The deeper problem is Goodhart’s Law: when a measure becomes a target, it ceases to be a good measure. Models that score 87% on HumanEval for code generation drop to around 30% accuracy on real-world codebases with cross-file dependencies, internal frameworks, and legacy patterns. The benchmark says the model is excellent. Production says otherwise.

The team tension nobody talks about

I watched this dynamic play out repeatedly before and while building Jetty.

The data science team builds a pipeline against a clean CSV from six months ago. The data is tidy. The labels are consistent. The model performs beautifully. Meanwhile, the developer integrating it into production knows that real inputs look nothing like that CSV. Fields are missing. Formats are inconsistent. Users submit things nobody anticipated.

Both sides are acting rationally. The data scientist needs controlled conditions to iterate on the model. The developer needs to ship something that works for actual users. The gold dataset becomes a shared fiction: everyone references it, nobody fully trusts it, and the gap between lab performance and production reality widens with every sprint.

This isn’t a communication problem. It’s a structural one. Gold datasets encode the assumption that you can fix your data, fix your model, and measure once. AI systems break that assumption. The data distributions shift, the models get updated, the retrieval systems change, the code evolves. A frozen dataset tells you how the system performed against a historical snapshot, not how it performs right now.

Data collection is not a phase

The alternative isn’t “better gold datasets.” It’s abandoning the concept entirely and treating data collection as a continuous, live process wired into production.

Shreya Shankar’s research put it bluntly: “We have no idea how models will behave in production until production.” Her interviews with ML engineers across chatbots, autonomous vehicles, and finance found a consistent pattern: the teams that succeed close the loop fastest, continually cycling between data collection, experimentation, staged evaluation, and monitoring.

This is the data flywheel. Your product generates data. You analyze that data to find where the system fails. You fold those failures back into your evaluation sets and training data. Each cycle makes the next one more valuable, because you’re measuring against reality, not a proxy for it.

Hamel Husain makes a practical version of this argument: start with error analysis. Look at your production data. Categorize failures. Write evals that catch the failures you’ve actually seen. He warns against chasing high pass rates. If you’re at 100%, you’re not stress-testing your system. A 70% on meaningful, production-derived evals tells you more than 95% on a benchmark that doesn’t reflect your users.

But what about PII?

The main objection I hear is privacy. “We can’t use production data — it contains PII. Regulatory compliance makes this impossible.”

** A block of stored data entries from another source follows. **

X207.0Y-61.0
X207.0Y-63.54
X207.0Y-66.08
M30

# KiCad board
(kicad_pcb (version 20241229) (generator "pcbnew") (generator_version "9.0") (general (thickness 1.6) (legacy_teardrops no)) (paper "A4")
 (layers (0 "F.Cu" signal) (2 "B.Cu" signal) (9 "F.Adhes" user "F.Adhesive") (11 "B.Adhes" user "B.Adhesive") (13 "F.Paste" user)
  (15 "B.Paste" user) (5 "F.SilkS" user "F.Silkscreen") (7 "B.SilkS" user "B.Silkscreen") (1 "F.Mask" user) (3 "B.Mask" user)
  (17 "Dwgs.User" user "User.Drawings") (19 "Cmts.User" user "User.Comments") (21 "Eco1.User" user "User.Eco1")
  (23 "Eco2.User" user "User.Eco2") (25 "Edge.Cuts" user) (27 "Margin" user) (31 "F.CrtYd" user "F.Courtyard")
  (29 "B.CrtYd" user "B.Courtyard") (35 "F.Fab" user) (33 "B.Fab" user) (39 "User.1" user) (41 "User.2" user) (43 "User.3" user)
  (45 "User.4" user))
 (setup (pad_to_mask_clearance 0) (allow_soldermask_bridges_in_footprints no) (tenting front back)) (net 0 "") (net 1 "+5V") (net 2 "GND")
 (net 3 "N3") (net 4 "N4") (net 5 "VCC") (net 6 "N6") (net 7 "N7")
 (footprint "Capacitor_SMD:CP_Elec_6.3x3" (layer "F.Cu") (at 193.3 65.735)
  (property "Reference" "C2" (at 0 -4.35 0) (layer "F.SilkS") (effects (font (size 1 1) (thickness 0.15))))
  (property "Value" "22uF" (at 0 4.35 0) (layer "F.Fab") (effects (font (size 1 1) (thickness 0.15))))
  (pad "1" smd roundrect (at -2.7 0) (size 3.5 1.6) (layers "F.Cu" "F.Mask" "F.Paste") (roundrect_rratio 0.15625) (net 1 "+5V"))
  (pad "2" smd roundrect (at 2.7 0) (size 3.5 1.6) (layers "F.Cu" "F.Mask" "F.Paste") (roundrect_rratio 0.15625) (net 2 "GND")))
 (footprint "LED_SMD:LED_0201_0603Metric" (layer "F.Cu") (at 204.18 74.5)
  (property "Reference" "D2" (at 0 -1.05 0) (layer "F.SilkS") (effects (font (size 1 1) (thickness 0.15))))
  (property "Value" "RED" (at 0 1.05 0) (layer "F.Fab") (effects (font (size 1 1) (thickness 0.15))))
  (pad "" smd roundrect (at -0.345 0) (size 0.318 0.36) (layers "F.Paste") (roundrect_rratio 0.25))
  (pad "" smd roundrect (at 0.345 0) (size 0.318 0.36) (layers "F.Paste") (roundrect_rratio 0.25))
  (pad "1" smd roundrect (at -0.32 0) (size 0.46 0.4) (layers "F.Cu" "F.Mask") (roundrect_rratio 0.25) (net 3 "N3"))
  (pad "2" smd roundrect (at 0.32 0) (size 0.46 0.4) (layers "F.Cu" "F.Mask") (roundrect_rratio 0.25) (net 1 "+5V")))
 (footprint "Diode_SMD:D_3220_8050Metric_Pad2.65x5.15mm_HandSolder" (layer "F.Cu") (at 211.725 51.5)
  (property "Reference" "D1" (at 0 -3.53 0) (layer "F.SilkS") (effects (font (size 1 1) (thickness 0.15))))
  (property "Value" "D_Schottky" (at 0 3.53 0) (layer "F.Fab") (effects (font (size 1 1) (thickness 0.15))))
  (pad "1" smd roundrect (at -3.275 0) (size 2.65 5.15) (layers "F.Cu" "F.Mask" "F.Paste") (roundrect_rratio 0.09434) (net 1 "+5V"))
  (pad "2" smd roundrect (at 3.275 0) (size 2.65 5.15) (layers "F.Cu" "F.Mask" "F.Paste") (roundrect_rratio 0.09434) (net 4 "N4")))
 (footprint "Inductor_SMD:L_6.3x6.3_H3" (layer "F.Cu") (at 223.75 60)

This is real. But it’s not a reason to default to stale snapshots. It’s a reason to invest in the infrastructure that makes live data collection safe. Anonymization pipelines. Differential privacy. Synthetic data generation from production distributions. None of this is trivial, but the alternative is worse. You’re not protecting users by ignoring how your system behaves in the wild. You’re deferring the risk.

The privacy experts I’ve worked with are far more worried about uninstrumented systems that can’t detect when they fail on a vulnerable population than about well-designed systems that safely collect production signals. Avoiding production data entirely isn’t caution. It’s the opposite of it.

The first step

If your team is still building against a gold dataset, here’s where to start: pick one pipeline that matters, instrument it to capture real inputs and outputs, and run your existing evals against production data instead of your test set. You will be surprised by the gap. Production is weirder, messier, and more varied than any curated dataset can capture. That gap is the information you need. Gold datasets hide it. Live data reveals it.

The question isn’t whether your gold dataset is good enough. It’s whether you can afford to keep pretending that a frozen snapshot tells you anything useful about a system that never stops changing.